#### Dataset excerpts:
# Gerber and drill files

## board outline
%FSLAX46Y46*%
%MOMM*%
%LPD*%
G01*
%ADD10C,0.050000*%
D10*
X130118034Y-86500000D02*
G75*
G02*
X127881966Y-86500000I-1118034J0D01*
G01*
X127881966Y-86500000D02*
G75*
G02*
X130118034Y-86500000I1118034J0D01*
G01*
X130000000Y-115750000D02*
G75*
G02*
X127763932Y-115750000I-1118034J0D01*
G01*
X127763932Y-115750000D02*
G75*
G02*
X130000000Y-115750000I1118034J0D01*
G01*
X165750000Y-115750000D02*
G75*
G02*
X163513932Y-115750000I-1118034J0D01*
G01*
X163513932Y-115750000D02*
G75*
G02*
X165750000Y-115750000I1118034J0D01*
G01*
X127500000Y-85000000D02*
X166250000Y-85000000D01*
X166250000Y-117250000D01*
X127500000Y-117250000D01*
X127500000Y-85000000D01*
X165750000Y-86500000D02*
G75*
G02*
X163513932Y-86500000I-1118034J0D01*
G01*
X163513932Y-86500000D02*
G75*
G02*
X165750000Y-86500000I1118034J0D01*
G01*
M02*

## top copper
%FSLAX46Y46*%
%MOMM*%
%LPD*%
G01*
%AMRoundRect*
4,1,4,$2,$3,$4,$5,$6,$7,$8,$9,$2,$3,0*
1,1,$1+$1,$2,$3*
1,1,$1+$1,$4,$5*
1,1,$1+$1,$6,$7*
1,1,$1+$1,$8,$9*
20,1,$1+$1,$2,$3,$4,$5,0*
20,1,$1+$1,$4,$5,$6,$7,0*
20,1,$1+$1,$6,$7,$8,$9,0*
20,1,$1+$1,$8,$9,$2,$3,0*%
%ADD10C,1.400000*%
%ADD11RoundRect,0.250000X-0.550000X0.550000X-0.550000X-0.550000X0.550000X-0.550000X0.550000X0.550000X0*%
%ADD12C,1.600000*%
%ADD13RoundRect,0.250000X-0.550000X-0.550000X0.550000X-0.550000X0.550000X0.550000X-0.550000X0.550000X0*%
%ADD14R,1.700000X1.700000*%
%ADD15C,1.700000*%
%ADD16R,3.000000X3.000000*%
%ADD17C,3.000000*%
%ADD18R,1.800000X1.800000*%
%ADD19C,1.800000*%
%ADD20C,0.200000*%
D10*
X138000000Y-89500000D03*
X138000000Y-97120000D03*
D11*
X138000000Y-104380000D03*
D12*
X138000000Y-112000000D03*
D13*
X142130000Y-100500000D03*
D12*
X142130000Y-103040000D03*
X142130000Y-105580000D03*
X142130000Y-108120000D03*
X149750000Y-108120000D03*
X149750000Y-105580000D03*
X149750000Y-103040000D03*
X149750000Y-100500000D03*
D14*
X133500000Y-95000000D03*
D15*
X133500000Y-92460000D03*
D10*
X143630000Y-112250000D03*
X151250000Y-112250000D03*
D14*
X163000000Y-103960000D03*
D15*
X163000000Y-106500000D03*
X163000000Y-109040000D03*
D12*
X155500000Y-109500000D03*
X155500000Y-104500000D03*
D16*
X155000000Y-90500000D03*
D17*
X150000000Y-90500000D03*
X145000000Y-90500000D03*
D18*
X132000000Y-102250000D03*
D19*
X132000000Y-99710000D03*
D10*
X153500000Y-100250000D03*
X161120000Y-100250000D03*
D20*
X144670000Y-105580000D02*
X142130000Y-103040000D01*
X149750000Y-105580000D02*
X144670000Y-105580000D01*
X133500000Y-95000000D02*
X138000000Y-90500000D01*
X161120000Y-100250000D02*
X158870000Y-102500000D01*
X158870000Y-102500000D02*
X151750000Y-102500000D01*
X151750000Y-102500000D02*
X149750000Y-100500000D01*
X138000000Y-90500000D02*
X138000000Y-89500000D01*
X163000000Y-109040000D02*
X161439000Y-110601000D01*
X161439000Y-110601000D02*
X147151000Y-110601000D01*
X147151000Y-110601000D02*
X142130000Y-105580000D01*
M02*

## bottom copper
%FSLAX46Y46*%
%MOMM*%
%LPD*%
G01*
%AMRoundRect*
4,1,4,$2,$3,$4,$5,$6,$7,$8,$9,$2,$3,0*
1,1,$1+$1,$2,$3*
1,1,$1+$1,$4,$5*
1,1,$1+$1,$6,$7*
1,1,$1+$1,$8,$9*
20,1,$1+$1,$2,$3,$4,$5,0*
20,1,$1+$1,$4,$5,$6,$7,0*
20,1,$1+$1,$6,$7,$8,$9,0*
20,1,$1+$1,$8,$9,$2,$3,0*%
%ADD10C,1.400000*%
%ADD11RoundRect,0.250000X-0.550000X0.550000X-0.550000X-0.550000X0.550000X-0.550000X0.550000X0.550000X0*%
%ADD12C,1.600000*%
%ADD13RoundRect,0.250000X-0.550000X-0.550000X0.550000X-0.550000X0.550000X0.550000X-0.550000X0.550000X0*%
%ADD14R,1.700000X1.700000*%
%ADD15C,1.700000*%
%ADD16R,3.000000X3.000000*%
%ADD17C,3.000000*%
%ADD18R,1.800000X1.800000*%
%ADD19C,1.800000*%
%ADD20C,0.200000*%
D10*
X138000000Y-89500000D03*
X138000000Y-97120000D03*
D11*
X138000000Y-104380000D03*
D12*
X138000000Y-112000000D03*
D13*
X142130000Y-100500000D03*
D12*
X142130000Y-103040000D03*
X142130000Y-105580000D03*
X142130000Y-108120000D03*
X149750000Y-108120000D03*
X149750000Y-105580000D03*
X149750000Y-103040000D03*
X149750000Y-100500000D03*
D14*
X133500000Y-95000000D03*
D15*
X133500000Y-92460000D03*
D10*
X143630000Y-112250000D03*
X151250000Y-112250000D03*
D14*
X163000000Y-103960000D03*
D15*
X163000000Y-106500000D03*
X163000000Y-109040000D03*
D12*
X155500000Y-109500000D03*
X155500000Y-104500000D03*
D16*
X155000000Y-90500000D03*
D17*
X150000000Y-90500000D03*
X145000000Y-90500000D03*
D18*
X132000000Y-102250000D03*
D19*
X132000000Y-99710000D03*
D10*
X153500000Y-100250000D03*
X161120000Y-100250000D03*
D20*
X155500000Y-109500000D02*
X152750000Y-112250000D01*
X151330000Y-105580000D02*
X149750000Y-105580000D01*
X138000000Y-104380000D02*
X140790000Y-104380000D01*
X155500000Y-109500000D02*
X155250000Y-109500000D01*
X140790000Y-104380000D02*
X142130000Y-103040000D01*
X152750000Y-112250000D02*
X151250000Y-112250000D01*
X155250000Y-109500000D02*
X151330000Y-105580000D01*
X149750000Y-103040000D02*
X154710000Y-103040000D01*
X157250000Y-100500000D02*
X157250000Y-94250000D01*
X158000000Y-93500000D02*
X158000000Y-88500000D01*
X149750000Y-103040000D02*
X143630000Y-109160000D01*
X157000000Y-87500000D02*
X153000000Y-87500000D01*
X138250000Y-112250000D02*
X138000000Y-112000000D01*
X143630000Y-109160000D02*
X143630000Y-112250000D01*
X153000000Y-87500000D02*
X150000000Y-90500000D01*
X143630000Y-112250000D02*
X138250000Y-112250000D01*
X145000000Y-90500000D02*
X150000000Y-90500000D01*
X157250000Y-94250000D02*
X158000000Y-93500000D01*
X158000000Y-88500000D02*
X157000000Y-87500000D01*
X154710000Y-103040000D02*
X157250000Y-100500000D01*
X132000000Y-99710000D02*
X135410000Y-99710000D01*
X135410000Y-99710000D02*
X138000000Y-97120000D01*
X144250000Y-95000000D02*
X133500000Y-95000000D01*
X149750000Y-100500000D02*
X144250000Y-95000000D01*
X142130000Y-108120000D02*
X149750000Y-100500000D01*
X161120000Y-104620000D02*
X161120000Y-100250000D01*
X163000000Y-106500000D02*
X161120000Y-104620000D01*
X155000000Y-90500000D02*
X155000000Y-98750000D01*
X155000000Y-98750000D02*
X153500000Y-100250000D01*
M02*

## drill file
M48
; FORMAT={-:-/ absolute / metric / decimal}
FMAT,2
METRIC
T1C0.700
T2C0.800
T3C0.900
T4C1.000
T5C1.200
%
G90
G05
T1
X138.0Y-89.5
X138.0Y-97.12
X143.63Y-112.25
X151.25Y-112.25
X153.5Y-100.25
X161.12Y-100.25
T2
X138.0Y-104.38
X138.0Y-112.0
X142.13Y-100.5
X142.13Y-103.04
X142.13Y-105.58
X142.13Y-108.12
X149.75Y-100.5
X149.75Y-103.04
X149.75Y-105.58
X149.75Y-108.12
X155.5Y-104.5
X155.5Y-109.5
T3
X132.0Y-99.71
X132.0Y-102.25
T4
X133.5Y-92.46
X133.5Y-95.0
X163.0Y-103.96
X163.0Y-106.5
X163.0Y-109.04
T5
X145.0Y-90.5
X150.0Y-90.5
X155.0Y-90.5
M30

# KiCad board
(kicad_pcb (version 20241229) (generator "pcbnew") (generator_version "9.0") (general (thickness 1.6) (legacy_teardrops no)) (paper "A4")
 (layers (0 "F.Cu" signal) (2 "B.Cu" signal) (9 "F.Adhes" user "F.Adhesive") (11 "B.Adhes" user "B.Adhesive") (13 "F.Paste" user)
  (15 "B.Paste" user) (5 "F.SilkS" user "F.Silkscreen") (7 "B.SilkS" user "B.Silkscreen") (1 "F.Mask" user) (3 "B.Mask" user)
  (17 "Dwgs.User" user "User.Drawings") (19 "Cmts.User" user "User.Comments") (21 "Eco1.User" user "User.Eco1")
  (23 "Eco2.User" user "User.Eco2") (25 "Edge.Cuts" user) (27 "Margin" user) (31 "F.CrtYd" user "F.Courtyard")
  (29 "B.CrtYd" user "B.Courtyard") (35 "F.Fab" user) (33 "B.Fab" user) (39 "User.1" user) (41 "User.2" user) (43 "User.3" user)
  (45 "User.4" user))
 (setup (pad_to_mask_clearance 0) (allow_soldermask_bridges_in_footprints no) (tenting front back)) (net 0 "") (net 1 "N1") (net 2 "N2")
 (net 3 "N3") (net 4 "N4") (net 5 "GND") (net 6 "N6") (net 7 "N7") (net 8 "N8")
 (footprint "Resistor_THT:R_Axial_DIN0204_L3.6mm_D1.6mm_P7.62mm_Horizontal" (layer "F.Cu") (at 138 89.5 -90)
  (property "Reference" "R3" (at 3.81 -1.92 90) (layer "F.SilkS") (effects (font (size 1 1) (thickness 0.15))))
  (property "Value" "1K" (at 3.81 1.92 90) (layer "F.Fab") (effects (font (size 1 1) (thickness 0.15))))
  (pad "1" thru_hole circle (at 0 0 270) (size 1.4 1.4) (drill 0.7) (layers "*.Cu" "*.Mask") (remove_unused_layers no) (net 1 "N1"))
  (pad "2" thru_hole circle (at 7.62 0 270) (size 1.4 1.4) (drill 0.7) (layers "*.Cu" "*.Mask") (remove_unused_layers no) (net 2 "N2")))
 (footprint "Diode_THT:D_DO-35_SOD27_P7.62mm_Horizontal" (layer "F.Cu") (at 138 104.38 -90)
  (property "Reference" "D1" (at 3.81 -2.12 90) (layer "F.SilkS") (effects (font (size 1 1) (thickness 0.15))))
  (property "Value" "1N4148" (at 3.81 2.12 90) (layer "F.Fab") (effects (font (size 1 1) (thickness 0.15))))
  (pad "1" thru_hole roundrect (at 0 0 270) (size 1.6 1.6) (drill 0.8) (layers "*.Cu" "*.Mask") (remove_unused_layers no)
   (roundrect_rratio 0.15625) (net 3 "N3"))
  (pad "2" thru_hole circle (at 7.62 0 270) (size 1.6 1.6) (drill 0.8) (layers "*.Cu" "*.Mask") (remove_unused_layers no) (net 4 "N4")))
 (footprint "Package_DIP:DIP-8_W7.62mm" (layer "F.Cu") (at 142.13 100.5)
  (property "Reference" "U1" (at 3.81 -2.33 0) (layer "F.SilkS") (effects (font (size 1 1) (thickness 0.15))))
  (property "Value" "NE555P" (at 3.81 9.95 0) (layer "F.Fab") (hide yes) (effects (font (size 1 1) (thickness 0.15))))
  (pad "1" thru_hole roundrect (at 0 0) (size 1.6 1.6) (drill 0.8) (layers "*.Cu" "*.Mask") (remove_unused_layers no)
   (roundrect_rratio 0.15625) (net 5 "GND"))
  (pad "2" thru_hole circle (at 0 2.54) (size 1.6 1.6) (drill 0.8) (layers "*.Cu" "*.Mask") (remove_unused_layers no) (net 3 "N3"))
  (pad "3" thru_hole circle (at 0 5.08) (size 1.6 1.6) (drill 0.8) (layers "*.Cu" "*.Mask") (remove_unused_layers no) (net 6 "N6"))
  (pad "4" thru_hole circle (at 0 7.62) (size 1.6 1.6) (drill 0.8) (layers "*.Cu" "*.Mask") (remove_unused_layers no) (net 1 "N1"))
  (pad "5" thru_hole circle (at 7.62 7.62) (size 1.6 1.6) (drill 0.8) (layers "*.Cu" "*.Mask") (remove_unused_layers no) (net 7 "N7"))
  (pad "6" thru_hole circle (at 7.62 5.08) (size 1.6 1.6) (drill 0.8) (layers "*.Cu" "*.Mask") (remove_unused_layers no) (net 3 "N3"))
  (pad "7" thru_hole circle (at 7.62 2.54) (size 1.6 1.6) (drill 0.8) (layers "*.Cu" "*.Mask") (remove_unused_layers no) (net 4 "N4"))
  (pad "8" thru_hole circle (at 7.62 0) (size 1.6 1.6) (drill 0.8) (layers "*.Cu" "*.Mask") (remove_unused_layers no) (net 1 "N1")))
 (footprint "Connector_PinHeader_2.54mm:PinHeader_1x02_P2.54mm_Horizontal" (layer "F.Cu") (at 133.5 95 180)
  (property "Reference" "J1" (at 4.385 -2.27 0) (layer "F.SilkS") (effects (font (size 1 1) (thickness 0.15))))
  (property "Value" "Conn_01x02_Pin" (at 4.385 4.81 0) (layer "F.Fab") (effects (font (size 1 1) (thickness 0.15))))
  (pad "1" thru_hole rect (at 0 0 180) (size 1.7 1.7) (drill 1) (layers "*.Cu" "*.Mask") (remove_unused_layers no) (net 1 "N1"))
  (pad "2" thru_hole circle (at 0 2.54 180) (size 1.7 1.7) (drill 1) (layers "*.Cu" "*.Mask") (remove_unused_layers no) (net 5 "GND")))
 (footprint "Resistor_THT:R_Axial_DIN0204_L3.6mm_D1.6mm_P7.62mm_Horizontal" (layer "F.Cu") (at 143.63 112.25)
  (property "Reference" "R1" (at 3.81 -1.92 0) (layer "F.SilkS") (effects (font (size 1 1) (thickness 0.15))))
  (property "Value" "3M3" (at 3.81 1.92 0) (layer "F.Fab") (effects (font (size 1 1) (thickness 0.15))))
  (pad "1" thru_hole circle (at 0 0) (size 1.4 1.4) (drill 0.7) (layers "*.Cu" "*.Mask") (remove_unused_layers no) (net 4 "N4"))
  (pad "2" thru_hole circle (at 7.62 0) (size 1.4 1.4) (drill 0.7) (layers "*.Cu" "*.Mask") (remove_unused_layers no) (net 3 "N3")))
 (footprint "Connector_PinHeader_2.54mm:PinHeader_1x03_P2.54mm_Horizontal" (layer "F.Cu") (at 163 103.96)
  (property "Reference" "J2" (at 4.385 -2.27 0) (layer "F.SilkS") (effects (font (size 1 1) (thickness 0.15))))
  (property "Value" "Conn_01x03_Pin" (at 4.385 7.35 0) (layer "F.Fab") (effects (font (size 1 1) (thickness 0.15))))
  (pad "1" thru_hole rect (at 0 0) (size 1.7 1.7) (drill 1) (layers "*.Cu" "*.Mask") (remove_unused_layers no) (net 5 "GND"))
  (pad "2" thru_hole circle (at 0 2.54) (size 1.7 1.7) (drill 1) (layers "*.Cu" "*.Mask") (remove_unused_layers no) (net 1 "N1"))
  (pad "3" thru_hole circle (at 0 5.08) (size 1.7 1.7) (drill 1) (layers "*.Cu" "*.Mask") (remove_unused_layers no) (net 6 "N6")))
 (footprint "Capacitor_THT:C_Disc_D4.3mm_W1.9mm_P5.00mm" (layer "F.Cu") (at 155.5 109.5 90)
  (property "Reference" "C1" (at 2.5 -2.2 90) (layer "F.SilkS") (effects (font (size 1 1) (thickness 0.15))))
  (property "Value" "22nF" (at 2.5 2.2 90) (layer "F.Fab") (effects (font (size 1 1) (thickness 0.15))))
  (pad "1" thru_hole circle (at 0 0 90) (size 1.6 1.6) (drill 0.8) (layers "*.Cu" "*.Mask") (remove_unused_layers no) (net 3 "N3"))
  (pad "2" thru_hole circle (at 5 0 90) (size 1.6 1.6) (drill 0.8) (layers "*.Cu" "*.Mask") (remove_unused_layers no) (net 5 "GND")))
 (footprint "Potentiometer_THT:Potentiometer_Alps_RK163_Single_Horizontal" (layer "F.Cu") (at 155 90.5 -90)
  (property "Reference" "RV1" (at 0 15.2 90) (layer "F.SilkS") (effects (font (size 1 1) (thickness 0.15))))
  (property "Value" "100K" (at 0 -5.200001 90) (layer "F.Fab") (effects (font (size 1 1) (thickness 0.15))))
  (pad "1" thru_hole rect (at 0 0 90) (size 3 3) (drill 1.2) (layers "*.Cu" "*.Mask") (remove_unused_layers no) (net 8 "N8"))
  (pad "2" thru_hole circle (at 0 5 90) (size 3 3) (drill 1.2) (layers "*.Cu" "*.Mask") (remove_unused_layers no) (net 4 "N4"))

#### Goal of the exercise:
Your answer must consist only of the lines from the start of the records above through the line with "X144670000Y-105580000D02*", each retyped exactly.

#### The answer:
# Gerber and drill files

## board outline
%FSLAX46Y46*%
%MOMM*%
%LPD*%
G01*
%ADD10C,0.050000*%
D10*
X130118034Y-86500000D02*
G75*
G02*
X127881966Y-86500000I-1118034J0D01*
G01*
X127881966Y-86500000D02*
G75*
G02*
X130118034Y-86500000I1118034J0D01*
G01*
X130000000Y-115750000D02*
G75*
G02*
X127763932Y-115750000I-1118034J0D01*
G01*
X127763932Y-115750000D02*
G75*
G02*
X130000000Y-115750000I1118034J0D01*
G01*
X165750000Y-115750000D02*
G75*
G02*
X163513932Y-115750000I-1118034J0D01*
G01*
X163513932Y-115750000D02*
G75*
G02*
X165750000Y-115750000I1118034J0D01*
G01*
X127500000Y-85000000D02*
X166250000Y-85000000D01*
X166250000Y-117250000D01*
X127500000Y-117250000D01*
X127500000Y-85000000D01*
X165750000Y-86500000D02*
G75*
G02*
X163513932Y-86500000I-1118034J0D01*
G01*
X163513932Y-86500000D02*
G75*
G02*
X165750000Y-86500000I1118034J0D01*
G01*
M02*

## top copper
%FSLAX46Y46*%
%MOMM*%
%LPD*%
G01*
%AMRoundRect*
4,1,4,$2,$3,$4,$5,$6,$7,$8,$9,$2,$3,0*
1,1,$1+$1,$2,$3*
1,1,$1+$1,$4,$5*
1,1,$1+$1,$6,$7*
1,1,$1+$1,$8,$9*
20,1,$1+$1,$2,$3,$4,$5,0*
20,1,$1+$1,$4,$5,$6,$7,0*
20,1,$1+$1,$6,$7,$8,$9,0*
20,1,$1+$1,$8,$9,$2,$3,0*%
%ADD10C,1.400000*%
%ADD11RoundRect,0.250000X-0.550000X0.550000X-0.550000X-0.550000X0.550000X-0.550000X0.550000X0.550000X0*%
%ADD12C,1.600000*%
%ADD13RoundRect,0.250000X-0.550000X-0.550000X0.550000X-0.550000X0.550000X0.550000X-0.550000X0.550000X0*%
%ADD14R,1.700000X1.700000*%
%ADD15C,1.700000*%
%ADD16R,3.000000X3.000000*%
%ADD17C,3.000000*%
%ADD18R,1.800000X1.800000*%
%ADD19C,1.800000*%
%ADD20C,0.200000*%
D10*
X138000000Y-89500000D03*
X138000000Y-97120000D03*
D11*
X138000000Y-104380000D03*
D12*
X138000000Y-112000000D03*
D13*
X142130000Y-100500000D03*
D12*
X142130000Y-103040000D03*
X142130000Y-105580000D03*
X142130000Y-108120000D03*
X149750000Y-108120000D03*
X149750000Y-105580000D03*
X149750000Y-103040000D03*
X149750000Y-100500000D03*
D14*
X133500000Y-95000000D03*
D15*
X133500000Y-92460000D03*
D10*
X143630000Y-112250000D03*
X151250000Y-112250000D03*
D14*
X163000000Y-103960000D03*
D15*
X163000000Y-106500000D03*
X163000000Y-109040000D03*
D12*
X155500000Y-109500000D03*
X155500000Y-104500000D03*
D16*
X155000000Y-90500000D03*
D17*
X150000000Y-90500000D03*
X145000000Y-90500000D03*
D18*
X132000000Y-102250000D03*
D19*
X132000000Y-99710000D03*
D10*
X153500000Y-100250000D03*
X161120000Y-100250000D03*
D20*
X144670000Y-105580000D02*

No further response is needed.